5%, 15%, 25%, 35% in monoplicate and 50% in duplicate
Details on study design:
Cells in culture were trypsined and counted in accordance with the internal procedure od the Test facility. Then cells are seeded in 24wells plate at the rate of 2 x 10^5 cells/well under a volume of 1 ml of complet DMEM medium and then incubated for 24 hours (37°C, 5% CO2).
A stock solution of 0.4% neutral red prepared in sterile conditions with distilled water and diluted at 1/80 in complete culture medium at 37°C.
A 1% solution of 100% acetic acid in 50° ethanol was prepared.

48h after seeding, the culture medium of each well was removed. 1ml of colouring solution of neutral red was deposited per well. The plates were incubated at 37°C,5% CO2 for 3hours.
After this time of contact, the colouring solution was removed and replaced by 1 ml of complete culture medium per well. The plates was maintained at room temperature for at least 30 mintutes before being put in contact with the test item.

Each well is firstly rinsed with 2 ml of PBS before being treated with 500 μL of each dilution of test item. The contact time is 60 seconds. Treatments are applied, preferably, well by well and the stopwatch is started when the treatment is applied.
After 55 seconds, the treatment solution is aspirated. At precisely 60 seconds, the well is rinsed 5 times (5x2 ml of PBS). The pipettes used forrinsing must held vertically. The supernatant is aspirated after each rinse. After the final rinse, the well remained without the medium while waiting the revealing phase.
After the culture plate has been fully treated, 1 ml of the revealing solution (acetic acid/ethanol : 1/100) is placed in each well. The plate is shaken approximatively 15 minutes.
The solutions revealed in each well were put in a 96-well microplate of 200 μL/well in duplicate.
Absorbances are measured at 540 nm against the blank (revealing solution) on an automatic microplate reader.

Results and discussion

In vitro

Resultsopen allclose all
Irritation parameter:
other: Percentage of mortality observed at the 50% dilution (higher dilution tested)
Value:
ca. 22
Negative controls validity:
valid
Positive controls validity:
valid
Remarks on result:
no indication of irritation
Irritation parameter:
other: Estimated IC 50 (%)
Value:
> 50
Negative controls validity:
valid
Positive controls validity:
valid
Remarks on result:
no indication of irritation

In vivo

Irritant / corrosive response data:
The cytotoxicity of tested material was judged not very important
IC 50 is greater to 50% and the dealth cells rate at 50% of test item (higher dilution tested) has been assessed to 22%.

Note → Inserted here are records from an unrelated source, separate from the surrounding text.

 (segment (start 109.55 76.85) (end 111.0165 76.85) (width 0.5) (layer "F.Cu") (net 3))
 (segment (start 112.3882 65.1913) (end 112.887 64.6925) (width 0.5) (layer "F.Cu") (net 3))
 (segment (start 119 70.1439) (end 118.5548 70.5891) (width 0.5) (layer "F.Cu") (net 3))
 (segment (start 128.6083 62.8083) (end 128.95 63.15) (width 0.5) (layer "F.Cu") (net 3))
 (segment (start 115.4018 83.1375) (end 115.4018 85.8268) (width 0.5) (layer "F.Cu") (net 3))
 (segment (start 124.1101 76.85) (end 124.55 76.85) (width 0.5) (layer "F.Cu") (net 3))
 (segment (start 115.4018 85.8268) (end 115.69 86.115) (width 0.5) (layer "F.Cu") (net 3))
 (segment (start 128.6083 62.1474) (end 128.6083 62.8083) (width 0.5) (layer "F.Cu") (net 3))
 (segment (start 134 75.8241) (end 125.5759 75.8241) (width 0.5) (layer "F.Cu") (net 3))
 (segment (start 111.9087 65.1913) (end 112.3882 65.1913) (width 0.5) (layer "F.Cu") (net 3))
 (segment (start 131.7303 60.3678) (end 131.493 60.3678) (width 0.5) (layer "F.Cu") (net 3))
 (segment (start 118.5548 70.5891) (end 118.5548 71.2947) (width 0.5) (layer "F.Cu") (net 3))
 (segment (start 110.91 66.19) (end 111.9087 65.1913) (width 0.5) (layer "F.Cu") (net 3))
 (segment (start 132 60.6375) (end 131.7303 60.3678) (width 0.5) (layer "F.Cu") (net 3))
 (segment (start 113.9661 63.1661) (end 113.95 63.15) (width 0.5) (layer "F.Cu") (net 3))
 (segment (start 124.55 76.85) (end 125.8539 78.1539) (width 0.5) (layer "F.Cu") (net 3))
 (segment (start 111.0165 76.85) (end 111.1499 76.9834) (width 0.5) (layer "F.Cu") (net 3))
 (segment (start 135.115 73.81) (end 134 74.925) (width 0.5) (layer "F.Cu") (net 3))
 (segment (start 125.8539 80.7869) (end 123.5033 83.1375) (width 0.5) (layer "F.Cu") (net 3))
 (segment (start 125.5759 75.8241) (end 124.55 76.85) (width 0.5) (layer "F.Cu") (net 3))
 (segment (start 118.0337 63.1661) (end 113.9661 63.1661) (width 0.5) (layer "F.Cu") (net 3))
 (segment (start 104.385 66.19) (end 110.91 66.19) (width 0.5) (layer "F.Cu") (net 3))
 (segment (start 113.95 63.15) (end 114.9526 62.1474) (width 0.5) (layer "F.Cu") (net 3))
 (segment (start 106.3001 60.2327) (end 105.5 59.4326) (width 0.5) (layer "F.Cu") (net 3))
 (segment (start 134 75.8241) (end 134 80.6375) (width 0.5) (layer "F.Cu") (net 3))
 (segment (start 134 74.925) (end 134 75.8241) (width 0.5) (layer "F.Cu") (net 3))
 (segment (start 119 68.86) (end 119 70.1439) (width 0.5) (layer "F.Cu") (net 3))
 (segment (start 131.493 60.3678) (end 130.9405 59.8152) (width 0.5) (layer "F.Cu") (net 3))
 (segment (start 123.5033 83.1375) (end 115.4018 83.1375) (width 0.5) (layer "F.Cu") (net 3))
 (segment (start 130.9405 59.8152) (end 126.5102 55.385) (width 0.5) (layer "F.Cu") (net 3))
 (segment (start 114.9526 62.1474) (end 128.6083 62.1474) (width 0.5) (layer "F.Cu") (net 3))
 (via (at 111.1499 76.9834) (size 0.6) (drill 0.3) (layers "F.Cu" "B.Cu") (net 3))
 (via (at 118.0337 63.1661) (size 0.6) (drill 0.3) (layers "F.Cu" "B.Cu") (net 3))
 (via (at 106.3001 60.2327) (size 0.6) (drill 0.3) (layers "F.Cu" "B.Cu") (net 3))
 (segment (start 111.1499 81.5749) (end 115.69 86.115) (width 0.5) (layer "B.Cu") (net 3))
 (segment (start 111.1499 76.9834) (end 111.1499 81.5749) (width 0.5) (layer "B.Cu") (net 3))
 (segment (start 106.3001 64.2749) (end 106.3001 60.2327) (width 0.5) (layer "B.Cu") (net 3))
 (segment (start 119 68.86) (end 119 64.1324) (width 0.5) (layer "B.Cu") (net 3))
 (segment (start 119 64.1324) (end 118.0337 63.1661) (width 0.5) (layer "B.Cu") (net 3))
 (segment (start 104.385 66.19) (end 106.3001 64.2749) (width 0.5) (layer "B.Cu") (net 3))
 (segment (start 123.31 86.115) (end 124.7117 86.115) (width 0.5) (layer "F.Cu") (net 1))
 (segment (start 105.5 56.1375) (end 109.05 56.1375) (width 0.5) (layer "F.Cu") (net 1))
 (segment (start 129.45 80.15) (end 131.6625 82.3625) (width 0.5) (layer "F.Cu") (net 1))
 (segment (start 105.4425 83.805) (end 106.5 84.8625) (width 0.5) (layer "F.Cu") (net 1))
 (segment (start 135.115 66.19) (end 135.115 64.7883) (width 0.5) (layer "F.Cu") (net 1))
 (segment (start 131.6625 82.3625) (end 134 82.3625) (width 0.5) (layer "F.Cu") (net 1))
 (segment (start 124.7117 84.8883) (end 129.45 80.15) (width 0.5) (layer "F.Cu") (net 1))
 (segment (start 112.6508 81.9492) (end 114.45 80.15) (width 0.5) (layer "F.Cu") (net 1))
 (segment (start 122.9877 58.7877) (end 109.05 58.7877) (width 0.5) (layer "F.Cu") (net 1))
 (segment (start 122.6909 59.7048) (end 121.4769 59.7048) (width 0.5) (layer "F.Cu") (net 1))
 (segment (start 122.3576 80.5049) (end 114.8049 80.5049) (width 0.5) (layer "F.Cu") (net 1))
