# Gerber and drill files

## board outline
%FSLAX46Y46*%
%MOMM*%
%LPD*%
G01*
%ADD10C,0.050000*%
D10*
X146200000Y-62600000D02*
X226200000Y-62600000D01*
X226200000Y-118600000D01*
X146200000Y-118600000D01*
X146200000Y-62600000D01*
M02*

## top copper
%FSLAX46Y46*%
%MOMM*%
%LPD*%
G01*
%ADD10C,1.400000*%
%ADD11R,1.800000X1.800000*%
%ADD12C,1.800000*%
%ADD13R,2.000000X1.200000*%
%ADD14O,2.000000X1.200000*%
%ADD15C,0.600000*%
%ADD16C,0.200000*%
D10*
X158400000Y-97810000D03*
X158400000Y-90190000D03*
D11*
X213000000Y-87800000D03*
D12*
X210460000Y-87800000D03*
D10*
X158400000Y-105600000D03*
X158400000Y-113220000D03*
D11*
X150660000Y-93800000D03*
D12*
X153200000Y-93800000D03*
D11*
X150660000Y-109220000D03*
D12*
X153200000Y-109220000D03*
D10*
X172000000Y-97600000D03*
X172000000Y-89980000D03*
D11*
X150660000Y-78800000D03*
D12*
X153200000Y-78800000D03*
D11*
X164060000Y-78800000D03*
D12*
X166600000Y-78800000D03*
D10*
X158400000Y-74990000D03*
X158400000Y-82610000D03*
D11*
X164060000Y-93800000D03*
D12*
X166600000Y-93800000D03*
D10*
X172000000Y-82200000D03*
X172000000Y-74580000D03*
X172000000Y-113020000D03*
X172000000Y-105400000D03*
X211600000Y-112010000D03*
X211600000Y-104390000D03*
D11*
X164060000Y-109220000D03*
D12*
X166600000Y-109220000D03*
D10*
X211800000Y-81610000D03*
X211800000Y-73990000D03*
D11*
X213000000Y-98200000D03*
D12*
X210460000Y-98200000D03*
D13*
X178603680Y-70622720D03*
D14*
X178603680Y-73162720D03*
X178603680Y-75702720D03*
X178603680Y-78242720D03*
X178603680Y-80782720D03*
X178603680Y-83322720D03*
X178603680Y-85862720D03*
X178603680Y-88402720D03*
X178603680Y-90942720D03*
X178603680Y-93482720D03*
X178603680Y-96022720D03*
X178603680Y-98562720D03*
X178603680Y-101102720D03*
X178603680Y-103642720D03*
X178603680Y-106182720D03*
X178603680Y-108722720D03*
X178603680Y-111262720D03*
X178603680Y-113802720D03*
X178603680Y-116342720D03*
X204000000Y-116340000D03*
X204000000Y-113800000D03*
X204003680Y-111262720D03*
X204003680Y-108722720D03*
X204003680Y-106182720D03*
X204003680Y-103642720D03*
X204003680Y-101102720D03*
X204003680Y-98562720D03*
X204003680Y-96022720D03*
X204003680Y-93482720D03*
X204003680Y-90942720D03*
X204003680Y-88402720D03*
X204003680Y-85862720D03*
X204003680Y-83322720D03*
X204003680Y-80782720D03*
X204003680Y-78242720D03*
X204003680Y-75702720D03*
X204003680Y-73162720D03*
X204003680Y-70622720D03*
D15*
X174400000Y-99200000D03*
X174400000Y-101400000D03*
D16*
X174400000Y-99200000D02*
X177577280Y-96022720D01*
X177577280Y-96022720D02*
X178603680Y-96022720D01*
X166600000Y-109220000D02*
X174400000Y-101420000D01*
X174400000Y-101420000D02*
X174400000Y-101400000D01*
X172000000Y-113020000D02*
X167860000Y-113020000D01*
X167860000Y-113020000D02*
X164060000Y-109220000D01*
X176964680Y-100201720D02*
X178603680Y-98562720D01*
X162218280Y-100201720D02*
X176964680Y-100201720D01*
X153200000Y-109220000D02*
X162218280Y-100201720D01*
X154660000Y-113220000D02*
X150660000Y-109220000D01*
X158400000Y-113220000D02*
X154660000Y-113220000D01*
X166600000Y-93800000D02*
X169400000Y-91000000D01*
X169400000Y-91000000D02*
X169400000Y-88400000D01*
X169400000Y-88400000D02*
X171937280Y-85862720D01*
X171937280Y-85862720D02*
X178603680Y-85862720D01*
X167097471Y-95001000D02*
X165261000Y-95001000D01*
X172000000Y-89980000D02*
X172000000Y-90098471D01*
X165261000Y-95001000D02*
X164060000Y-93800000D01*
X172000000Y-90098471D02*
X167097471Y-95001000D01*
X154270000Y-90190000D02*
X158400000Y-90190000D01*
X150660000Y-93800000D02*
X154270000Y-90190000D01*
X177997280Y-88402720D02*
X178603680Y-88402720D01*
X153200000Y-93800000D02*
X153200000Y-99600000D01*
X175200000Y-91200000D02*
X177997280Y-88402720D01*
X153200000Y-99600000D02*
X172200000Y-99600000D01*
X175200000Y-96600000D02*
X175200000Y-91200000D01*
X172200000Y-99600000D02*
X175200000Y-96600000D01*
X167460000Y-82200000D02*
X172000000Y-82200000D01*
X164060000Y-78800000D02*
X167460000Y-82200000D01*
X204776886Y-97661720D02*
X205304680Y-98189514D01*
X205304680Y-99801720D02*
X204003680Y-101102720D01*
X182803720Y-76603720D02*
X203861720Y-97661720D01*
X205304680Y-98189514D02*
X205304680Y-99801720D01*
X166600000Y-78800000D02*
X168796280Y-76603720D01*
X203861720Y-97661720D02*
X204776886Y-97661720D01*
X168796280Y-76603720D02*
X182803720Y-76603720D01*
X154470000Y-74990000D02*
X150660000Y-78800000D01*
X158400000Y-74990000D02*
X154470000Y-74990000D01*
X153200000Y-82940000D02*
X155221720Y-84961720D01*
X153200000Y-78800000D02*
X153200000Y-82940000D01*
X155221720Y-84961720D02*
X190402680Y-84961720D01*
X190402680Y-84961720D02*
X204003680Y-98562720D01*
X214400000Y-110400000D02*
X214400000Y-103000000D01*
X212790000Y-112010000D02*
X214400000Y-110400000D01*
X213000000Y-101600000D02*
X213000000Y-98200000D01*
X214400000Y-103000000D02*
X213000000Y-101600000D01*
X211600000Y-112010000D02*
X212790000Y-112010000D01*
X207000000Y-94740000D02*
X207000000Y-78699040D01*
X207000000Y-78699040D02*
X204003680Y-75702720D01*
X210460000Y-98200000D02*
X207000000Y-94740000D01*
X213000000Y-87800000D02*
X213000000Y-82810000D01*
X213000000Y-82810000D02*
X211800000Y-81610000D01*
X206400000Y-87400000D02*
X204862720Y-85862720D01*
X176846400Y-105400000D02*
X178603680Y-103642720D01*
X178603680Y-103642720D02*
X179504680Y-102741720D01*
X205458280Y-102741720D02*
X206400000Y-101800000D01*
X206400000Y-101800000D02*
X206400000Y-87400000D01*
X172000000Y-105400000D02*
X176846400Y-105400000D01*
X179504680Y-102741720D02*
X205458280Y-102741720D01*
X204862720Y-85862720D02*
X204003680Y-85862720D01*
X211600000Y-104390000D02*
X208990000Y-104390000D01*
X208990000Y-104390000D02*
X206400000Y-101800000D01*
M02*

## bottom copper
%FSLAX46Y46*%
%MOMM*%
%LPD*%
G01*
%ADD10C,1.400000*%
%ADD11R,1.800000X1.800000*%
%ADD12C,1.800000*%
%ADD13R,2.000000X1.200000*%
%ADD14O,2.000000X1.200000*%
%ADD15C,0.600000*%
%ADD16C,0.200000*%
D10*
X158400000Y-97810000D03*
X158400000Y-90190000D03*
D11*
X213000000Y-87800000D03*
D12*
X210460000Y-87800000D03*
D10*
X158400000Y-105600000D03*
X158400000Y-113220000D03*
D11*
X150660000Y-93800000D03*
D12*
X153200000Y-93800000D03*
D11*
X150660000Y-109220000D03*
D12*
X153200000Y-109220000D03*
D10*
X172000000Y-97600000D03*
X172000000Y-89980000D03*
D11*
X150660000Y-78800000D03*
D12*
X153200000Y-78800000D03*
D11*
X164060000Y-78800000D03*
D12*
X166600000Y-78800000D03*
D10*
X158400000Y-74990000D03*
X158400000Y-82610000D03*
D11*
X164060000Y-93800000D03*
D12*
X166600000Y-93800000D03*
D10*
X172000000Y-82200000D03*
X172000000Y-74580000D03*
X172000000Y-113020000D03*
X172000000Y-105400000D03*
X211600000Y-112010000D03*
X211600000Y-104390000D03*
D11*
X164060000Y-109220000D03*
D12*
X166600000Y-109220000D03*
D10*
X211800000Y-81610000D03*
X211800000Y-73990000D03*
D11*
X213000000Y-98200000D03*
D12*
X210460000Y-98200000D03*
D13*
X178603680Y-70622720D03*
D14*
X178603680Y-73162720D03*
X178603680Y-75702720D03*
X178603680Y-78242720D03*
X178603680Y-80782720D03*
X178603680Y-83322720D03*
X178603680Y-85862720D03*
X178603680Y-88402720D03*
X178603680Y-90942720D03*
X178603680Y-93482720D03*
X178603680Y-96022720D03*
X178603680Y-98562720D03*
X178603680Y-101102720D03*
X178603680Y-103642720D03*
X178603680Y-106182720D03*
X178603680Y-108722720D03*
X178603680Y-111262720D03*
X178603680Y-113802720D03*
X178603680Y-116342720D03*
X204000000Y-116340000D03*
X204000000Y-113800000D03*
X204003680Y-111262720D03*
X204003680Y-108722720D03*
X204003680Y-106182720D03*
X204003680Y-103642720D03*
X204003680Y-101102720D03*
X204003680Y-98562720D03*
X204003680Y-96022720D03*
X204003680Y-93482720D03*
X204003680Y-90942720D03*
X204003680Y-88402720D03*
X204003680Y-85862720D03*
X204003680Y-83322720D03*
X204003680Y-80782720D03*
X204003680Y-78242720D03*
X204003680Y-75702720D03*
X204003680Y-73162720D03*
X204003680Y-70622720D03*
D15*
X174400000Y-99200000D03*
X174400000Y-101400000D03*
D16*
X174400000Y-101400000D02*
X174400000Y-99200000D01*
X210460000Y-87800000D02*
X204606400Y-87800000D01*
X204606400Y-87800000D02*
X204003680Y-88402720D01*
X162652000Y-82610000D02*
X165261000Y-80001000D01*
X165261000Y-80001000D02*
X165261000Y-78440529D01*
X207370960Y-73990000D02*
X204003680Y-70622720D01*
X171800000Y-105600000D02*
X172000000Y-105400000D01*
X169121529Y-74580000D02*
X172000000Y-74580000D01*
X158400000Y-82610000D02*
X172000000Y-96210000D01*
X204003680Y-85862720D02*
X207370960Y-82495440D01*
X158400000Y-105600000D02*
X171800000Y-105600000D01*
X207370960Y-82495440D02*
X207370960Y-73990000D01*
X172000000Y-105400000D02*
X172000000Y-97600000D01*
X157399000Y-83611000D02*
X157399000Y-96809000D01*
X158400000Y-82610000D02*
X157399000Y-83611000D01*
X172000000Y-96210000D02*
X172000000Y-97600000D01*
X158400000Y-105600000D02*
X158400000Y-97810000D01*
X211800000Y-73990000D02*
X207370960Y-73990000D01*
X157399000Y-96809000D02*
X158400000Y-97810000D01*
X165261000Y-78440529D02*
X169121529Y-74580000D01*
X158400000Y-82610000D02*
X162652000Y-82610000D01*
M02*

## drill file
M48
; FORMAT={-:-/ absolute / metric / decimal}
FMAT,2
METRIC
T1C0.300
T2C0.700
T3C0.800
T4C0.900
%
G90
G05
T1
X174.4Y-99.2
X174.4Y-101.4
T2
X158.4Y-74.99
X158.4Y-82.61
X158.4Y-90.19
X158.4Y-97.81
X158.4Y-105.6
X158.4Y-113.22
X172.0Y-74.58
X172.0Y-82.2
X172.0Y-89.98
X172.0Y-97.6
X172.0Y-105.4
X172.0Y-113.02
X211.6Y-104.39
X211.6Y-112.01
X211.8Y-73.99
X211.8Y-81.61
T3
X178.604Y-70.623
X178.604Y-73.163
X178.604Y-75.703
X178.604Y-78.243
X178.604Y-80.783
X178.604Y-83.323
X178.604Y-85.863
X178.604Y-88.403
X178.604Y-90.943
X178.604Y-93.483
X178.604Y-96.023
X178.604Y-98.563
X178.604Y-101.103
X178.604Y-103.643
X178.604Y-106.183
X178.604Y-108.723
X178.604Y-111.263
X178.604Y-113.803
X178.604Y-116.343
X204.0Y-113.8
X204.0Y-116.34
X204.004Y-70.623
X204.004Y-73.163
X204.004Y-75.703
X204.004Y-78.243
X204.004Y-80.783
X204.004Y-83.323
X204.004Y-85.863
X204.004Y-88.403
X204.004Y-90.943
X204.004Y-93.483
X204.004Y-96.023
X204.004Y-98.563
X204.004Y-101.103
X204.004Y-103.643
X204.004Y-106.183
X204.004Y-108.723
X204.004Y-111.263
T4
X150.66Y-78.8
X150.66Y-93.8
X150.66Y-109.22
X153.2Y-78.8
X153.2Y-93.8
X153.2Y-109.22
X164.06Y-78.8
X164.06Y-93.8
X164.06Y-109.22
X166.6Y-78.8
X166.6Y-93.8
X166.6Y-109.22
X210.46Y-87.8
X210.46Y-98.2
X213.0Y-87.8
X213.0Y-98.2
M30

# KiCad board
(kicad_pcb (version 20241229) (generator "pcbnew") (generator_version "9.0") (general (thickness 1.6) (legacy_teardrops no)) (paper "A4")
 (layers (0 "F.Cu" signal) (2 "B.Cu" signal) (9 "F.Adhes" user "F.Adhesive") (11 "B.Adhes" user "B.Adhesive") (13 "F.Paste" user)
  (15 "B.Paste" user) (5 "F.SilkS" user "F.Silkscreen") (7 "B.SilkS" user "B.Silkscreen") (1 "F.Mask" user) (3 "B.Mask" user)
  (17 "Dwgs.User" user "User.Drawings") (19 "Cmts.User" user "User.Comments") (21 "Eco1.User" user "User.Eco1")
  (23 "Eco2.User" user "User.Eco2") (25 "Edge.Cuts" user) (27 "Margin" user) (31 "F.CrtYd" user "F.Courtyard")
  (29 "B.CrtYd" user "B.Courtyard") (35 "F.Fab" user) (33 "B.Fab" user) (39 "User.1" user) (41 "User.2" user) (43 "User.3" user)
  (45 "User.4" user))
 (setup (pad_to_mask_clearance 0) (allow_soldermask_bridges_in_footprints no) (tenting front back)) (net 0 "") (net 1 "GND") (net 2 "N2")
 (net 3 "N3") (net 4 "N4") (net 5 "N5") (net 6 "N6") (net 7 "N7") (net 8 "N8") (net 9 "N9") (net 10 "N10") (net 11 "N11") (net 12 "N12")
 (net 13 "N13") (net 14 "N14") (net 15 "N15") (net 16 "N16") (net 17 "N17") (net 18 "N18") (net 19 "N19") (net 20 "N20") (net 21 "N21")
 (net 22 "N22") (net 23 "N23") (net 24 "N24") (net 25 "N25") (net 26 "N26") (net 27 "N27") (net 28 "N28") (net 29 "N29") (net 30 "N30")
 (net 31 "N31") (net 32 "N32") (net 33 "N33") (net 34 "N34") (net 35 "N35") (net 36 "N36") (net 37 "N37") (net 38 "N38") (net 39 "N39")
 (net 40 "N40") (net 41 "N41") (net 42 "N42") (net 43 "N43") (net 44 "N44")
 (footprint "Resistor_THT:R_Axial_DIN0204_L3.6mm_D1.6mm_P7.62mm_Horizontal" (layer "F.Cu") (at 158.4 97.81 90)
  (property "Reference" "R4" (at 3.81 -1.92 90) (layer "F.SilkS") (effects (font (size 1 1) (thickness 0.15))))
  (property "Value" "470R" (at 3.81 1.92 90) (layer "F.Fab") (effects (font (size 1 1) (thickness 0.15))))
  (pad "1" thru_hole circle (at 0 0 90) (size 1.4 1.4) (drill 0.7) (layers "*.Cu" "*.Mask") (remove_unused_layers no) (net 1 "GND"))
  (pad "2" thru_hole circle (at 7.62 0 90) (size 1.4 1.4) (drill 0.7) (layers "*.Cu" "*.Mask") (remove_unused_layers no) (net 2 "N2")))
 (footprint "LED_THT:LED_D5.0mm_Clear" (layer "F.Cu") (at 213 87.8 180)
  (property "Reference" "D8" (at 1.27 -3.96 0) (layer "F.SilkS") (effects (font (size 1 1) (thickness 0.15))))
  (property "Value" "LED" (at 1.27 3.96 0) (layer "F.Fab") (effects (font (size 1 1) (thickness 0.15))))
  (pad "1" thru_hole rect (at 0 0 180) (size 1.8 1.8) (drill 0.9) (layers "*.Cu" "*.Mask") (remove_unused_layers no) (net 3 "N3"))
  (pad "2" thru_hole circle (at 2.54 0 180) (size 1.8 1.8) (drill 0.9) (layers "*.Cu" "*.Mask") (remove_unused_layers no) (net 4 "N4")))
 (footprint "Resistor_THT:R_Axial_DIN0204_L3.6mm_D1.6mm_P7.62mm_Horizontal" (layer "F.Cu") (at 158.4 105.6 -90)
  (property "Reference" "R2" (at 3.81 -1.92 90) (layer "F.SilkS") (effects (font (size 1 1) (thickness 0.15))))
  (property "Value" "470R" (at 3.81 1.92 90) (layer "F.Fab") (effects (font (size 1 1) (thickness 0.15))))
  (pad "1" thru_hole circle (at 0 0 270) (size 1.4 1.4) (drill 0.7) (layers "*.Cu" "*.Mask") (remove_unused_layers no) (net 1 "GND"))
  (pad "2" thru_hole circle (at 7.62 0 270) (size 1.4 1.4) (drill 0.7) (layers "*.Cu" "*.Mask") (remove_unused_layers no) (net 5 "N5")))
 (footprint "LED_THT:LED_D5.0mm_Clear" (layer "F.Cu") (at 150.66 93.8)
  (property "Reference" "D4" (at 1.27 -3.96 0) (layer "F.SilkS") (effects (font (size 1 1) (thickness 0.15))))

Applicant's summary and conclusion

Interpretation of results:
other: not very important cytotoxicity according to the adopted scale.
Conclusions:
Under the retained experimental conditions, the cytotoxicity of the test item may be classified as not
very important cytotoxicity according to the adopted scale.
Executive summary:

An in vitro eye irritation study was performed on rabbit cornea fibroblasts according to French national Method published in December 1999 in National register N° 302. The principle of the method is based on assessing the cytotoxicity of the product tested by identifying the concentration causing 50% mortality (IC50) using the technique of neutral red release.

Positive and Negative controls were used. The IC50 was up to 50% and the death cells rate at 50% of test item (higher dilution tested) has been asessed to 22%.

Under the retained experimental conditions, the cytotoxicity of the tes item may be classified as not very important cytotoxicity according to the adopted scale.